(TASK TO COMPLETE) Provide only the number of lines in the data below that contain the string "setup".
____________________
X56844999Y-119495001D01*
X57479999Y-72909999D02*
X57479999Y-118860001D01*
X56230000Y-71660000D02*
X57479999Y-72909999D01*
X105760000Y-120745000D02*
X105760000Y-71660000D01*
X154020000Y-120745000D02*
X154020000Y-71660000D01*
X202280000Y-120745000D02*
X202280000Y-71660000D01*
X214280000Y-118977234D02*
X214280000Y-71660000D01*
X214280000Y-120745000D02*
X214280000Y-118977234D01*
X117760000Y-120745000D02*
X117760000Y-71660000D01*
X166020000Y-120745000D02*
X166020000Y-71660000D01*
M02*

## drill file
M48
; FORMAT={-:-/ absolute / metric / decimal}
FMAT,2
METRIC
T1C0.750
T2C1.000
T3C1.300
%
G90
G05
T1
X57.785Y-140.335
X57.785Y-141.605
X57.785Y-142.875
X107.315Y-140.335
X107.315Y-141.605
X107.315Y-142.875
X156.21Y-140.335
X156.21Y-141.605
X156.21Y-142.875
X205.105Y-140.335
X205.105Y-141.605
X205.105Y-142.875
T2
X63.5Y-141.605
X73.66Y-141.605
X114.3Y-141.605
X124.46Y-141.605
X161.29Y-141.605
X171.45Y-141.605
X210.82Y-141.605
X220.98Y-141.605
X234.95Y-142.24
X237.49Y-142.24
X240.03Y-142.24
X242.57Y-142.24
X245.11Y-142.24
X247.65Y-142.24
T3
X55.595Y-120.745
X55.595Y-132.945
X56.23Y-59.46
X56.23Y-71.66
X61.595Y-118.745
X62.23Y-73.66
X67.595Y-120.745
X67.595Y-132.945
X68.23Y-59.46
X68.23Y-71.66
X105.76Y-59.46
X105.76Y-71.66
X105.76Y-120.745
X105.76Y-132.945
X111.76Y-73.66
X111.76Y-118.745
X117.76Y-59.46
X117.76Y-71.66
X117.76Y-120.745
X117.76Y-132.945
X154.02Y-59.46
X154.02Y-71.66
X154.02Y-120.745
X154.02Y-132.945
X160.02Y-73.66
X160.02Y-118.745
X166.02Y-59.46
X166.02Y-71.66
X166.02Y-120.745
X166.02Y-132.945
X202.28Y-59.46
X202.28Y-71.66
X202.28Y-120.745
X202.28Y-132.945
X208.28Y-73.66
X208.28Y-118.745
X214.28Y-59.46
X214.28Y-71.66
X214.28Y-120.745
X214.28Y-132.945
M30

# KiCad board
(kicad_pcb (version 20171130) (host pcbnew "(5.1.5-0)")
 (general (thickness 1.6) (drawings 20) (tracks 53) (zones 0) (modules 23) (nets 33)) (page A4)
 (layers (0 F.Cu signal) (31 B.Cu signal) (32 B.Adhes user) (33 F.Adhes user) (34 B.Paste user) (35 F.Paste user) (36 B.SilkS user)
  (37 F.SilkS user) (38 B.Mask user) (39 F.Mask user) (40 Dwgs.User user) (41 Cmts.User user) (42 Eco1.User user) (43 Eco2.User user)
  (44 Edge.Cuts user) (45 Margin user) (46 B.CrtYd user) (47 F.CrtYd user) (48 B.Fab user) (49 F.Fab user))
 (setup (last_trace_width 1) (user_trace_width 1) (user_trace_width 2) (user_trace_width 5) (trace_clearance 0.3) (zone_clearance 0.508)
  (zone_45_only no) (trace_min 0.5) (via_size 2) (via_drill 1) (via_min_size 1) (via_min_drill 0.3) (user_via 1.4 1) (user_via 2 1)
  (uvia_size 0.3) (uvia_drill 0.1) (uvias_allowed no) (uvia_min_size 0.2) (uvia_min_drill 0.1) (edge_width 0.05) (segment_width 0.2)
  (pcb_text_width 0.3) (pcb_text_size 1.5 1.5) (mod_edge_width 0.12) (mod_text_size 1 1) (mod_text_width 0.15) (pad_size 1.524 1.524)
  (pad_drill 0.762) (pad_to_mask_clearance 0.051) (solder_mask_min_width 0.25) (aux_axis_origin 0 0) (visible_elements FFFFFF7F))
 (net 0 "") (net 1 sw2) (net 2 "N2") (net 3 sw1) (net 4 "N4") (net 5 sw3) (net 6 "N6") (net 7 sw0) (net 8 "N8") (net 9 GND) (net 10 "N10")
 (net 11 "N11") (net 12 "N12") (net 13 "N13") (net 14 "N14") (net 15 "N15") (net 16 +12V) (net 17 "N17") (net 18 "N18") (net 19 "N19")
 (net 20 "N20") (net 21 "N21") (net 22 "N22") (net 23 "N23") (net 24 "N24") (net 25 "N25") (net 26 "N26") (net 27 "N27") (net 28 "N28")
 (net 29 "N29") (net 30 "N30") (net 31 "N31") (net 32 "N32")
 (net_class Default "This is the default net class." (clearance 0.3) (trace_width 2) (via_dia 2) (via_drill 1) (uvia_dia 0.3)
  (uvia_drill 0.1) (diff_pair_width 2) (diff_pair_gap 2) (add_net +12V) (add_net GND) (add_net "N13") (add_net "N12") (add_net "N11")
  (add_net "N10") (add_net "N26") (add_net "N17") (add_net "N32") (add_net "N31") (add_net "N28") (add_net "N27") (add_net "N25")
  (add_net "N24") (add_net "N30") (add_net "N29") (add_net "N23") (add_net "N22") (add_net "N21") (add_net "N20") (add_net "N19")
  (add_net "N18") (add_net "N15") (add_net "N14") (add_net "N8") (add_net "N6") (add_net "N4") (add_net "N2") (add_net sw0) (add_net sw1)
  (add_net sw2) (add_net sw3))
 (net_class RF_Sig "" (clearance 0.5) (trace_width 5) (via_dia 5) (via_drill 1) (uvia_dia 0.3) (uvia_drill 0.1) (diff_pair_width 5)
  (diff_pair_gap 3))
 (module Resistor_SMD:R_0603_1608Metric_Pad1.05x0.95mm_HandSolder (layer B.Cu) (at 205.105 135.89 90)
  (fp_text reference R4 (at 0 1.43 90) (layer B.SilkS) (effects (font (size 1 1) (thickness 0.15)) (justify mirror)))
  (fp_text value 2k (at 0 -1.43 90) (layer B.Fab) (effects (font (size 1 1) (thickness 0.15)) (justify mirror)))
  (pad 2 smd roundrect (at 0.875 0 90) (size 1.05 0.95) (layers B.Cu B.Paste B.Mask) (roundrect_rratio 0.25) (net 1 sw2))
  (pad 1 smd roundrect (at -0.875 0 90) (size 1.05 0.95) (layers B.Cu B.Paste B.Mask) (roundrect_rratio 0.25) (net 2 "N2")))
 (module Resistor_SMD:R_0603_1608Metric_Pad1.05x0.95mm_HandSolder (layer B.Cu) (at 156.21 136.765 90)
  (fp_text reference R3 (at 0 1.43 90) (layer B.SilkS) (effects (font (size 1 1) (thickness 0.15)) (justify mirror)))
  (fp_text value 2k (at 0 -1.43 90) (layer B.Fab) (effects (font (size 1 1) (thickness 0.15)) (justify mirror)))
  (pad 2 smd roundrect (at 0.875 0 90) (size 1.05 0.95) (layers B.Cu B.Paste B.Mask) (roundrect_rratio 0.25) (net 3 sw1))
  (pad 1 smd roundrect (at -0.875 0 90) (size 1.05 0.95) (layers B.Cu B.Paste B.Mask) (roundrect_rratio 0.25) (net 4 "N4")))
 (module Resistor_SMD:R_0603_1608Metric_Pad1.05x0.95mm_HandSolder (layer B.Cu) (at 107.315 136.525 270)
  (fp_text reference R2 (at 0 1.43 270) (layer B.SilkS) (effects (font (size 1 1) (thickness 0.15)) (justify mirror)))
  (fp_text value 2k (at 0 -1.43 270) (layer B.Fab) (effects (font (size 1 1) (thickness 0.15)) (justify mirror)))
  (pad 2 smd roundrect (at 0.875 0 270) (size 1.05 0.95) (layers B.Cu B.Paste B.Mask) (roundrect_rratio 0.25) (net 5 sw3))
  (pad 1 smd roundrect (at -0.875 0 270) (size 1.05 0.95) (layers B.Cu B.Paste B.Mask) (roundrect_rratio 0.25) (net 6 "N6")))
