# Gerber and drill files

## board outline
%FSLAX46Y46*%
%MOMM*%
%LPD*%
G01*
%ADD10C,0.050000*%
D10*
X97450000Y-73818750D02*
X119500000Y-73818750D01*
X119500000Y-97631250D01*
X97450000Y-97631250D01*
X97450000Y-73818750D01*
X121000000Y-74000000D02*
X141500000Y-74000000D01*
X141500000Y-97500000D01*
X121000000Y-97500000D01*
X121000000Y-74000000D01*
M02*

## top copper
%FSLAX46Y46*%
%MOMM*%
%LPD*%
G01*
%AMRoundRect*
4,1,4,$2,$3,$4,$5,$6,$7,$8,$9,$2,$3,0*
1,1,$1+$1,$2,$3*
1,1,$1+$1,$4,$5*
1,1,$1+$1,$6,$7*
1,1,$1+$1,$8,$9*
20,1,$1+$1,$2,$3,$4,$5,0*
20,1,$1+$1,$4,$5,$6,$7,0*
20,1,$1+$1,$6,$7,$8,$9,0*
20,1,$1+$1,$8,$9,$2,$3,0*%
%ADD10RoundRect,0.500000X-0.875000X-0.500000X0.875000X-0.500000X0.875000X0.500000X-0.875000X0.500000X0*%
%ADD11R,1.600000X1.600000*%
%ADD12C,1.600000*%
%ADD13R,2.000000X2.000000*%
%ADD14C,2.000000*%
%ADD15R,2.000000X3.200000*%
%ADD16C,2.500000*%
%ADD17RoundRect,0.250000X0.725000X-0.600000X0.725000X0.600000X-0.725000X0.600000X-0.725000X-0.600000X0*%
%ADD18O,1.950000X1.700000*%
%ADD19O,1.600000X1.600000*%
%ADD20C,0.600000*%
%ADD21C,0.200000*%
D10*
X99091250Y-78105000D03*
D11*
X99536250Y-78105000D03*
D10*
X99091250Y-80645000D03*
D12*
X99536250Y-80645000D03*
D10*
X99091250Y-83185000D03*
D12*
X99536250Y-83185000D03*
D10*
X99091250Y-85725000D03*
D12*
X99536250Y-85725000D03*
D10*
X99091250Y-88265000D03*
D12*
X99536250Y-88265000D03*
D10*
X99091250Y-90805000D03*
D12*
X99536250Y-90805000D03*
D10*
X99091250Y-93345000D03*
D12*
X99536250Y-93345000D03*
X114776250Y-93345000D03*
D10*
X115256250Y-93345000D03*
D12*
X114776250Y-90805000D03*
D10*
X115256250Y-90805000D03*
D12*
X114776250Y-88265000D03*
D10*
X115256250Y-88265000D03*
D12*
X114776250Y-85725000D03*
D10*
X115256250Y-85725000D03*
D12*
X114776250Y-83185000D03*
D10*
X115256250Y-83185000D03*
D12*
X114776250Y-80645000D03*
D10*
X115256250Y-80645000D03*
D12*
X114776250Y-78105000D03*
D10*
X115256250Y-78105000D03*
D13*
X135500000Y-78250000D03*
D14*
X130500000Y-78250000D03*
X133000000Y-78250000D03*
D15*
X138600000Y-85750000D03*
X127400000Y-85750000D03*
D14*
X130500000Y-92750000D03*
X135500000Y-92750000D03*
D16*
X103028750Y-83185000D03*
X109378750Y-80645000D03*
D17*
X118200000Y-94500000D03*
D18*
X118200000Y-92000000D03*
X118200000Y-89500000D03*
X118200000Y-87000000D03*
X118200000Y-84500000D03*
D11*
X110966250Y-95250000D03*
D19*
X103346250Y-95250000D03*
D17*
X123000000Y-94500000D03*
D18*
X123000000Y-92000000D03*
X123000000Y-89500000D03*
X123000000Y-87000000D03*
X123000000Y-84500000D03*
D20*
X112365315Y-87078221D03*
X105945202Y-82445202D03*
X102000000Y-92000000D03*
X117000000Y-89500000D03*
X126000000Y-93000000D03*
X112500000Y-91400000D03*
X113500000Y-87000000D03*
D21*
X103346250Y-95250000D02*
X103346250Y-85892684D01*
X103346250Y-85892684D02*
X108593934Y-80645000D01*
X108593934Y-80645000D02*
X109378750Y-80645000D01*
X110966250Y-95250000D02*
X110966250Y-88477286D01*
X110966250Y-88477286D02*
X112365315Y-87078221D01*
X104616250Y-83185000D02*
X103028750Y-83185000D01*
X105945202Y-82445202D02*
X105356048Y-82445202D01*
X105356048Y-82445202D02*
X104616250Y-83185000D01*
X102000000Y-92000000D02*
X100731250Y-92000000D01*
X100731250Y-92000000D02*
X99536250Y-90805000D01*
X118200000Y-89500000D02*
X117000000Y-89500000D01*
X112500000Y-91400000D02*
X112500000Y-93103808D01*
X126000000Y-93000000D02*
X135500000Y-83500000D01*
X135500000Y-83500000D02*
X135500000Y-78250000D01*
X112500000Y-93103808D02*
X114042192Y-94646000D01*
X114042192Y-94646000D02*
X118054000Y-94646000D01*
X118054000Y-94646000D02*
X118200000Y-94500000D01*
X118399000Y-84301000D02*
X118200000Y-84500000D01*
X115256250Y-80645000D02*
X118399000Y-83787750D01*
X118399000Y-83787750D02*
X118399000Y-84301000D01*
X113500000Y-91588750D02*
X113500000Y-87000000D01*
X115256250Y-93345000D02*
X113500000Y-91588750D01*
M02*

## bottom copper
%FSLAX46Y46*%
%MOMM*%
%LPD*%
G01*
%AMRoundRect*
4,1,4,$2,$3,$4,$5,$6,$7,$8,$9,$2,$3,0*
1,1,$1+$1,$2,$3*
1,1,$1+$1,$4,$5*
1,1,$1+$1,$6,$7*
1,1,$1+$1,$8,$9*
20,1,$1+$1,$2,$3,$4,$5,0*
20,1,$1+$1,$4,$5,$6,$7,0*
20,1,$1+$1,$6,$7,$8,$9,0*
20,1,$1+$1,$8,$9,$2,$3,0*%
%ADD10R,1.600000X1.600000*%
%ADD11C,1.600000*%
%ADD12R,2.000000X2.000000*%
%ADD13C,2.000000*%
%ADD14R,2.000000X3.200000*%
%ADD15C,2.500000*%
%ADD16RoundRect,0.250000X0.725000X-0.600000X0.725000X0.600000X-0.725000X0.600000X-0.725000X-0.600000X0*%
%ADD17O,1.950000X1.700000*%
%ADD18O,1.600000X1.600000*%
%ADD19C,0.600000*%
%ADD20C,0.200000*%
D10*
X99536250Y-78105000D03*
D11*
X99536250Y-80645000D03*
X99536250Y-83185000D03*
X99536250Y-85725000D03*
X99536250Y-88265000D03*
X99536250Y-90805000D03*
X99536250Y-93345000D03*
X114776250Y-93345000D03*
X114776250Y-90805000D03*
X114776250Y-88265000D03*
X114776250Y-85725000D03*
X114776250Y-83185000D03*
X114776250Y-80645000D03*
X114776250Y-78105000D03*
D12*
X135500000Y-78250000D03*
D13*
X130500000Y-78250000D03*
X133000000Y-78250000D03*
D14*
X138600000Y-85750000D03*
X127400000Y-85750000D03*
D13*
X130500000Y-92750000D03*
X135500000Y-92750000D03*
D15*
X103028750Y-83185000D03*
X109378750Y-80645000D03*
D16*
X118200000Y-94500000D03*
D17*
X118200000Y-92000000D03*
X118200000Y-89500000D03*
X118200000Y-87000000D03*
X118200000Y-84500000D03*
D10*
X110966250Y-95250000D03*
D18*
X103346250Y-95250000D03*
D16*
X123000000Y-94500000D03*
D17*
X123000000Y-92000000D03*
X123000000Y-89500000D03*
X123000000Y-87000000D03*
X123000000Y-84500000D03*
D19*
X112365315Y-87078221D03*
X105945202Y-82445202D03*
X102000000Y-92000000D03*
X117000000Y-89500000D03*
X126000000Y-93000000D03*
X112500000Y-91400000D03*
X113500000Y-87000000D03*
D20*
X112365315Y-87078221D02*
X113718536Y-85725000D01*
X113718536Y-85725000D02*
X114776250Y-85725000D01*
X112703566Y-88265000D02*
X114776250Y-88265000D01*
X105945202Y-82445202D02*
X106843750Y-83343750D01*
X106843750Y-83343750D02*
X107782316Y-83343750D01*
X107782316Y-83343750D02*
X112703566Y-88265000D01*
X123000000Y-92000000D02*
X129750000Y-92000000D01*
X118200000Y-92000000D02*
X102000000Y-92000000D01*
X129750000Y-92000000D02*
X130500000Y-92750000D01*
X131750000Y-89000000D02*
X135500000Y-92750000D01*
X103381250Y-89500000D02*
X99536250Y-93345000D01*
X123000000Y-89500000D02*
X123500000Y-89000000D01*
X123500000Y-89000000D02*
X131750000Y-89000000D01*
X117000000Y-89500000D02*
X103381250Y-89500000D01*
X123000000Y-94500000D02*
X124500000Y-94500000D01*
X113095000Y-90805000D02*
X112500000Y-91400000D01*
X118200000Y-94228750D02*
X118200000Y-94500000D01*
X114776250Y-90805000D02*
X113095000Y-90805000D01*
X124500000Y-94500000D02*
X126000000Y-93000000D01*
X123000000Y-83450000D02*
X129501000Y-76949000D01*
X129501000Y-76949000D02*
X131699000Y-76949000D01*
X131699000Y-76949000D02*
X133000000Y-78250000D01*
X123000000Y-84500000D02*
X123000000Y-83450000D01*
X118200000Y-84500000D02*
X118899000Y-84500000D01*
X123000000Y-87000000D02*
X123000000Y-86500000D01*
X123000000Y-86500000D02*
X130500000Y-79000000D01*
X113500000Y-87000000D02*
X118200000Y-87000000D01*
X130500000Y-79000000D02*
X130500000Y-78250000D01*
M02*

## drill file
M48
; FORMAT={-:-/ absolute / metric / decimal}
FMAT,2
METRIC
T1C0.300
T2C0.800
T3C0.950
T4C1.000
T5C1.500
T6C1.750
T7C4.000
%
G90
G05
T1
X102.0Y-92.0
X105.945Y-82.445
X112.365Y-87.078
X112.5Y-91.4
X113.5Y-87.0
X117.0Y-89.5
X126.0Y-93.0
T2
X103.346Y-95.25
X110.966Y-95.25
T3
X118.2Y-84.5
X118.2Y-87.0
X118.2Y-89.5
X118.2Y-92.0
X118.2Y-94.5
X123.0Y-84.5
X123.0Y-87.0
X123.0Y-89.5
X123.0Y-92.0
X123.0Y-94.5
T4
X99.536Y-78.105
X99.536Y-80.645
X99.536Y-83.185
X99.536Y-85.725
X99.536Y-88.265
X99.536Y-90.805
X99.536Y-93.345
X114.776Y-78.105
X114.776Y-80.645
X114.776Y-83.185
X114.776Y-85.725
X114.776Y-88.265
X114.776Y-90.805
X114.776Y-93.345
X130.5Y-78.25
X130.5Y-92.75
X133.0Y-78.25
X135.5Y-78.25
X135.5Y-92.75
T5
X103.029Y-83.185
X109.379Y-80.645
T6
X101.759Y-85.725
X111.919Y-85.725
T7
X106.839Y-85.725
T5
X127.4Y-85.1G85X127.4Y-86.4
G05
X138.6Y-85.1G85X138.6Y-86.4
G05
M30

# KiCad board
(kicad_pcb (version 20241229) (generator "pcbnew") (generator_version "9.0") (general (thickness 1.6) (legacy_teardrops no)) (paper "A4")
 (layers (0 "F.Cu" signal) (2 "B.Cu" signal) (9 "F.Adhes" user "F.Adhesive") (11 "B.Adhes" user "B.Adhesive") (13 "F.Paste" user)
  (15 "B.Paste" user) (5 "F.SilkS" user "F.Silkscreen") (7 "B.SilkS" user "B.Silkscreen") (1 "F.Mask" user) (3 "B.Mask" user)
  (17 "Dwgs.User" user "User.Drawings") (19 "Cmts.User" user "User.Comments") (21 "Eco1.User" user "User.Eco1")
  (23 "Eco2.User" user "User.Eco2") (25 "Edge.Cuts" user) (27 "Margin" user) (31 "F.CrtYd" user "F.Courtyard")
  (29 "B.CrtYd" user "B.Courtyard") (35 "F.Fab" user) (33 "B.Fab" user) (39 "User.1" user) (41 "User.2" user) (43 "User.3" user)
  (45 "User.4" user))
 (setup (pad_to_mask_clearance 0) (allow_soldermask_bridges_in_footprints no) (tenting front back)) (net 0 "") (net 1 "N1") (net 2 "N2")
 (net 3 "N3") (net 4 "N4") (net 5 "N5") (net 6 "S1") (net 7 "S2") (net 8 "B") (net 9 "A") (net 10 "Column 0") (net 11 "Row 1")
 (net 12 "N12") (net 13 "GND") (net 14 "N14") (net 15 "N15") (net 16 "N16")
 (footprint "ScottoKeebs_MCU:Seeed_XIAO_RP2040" (layer "F.Cu") (at 107.15625 85.725)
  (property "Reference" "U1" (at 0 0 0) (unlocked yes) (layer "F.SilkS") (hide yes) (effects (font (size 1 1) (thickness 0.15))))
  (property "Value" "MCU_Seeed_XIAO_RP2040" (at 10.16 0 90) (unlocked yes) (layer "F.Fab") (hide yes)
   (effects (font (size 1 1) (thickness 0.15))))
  (pad "1" smd roundrect (at -8.065 -7.62) (size 2.75 2) (layers "F.Cu" "F.Mask" "F.Paste") (roundrect_rratio 0.25) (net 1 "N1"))
  (pad "1" thru_hole rect (at -7.62 -7.62 90) (size 1.6 1.6) (drill 1) (layers "*.Cu" "*.Mask") (remove_unused_layers no) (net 1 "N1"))
  (pad "2" smd roundrect (at -8.065 -5.08) (size 2.75 2) (layers "F.Cu" "F.Mask" "F.Paste") (roundrect_rratio 0.25) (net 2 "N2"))
  (pad "2" thru_hole circle (at -7.62 -5.08 90) (size 1.6 1.6) (drill 1) (layers "*.Cu" "*.Mask") (remove_unused_layers no) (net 2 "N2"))
  (pad "3" smd roundrect (at -8.065 -2.54) (size 2.75 2) (layers "F.Cu" "F.Mask" "F.Paste") (roundrect_rratio 0.25) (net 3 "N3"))
  (pad "3" thru_hole circle (at -7.62 -2.54 90) (size 1.6 1.6) (drill 1) (layers "*.Cu" "*.Mask") (remove_unused_layers no) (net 3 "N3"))
  (pad "4" smd roundrect (at -8.065 0) (size 2.75 2) (layers "F.Cu" "F.Mask" "F.Paste") (roundrect_rratio 0.25) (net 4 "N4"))
  (pad "4" thru_hole circle (at -7.62 0 90) (size 1.6 1.6) (drill 1) (layers "*.Cu" "*.Mask") (remove_unused_layers no) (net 4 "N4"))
____________________
(WRITTEN ANSWER) 2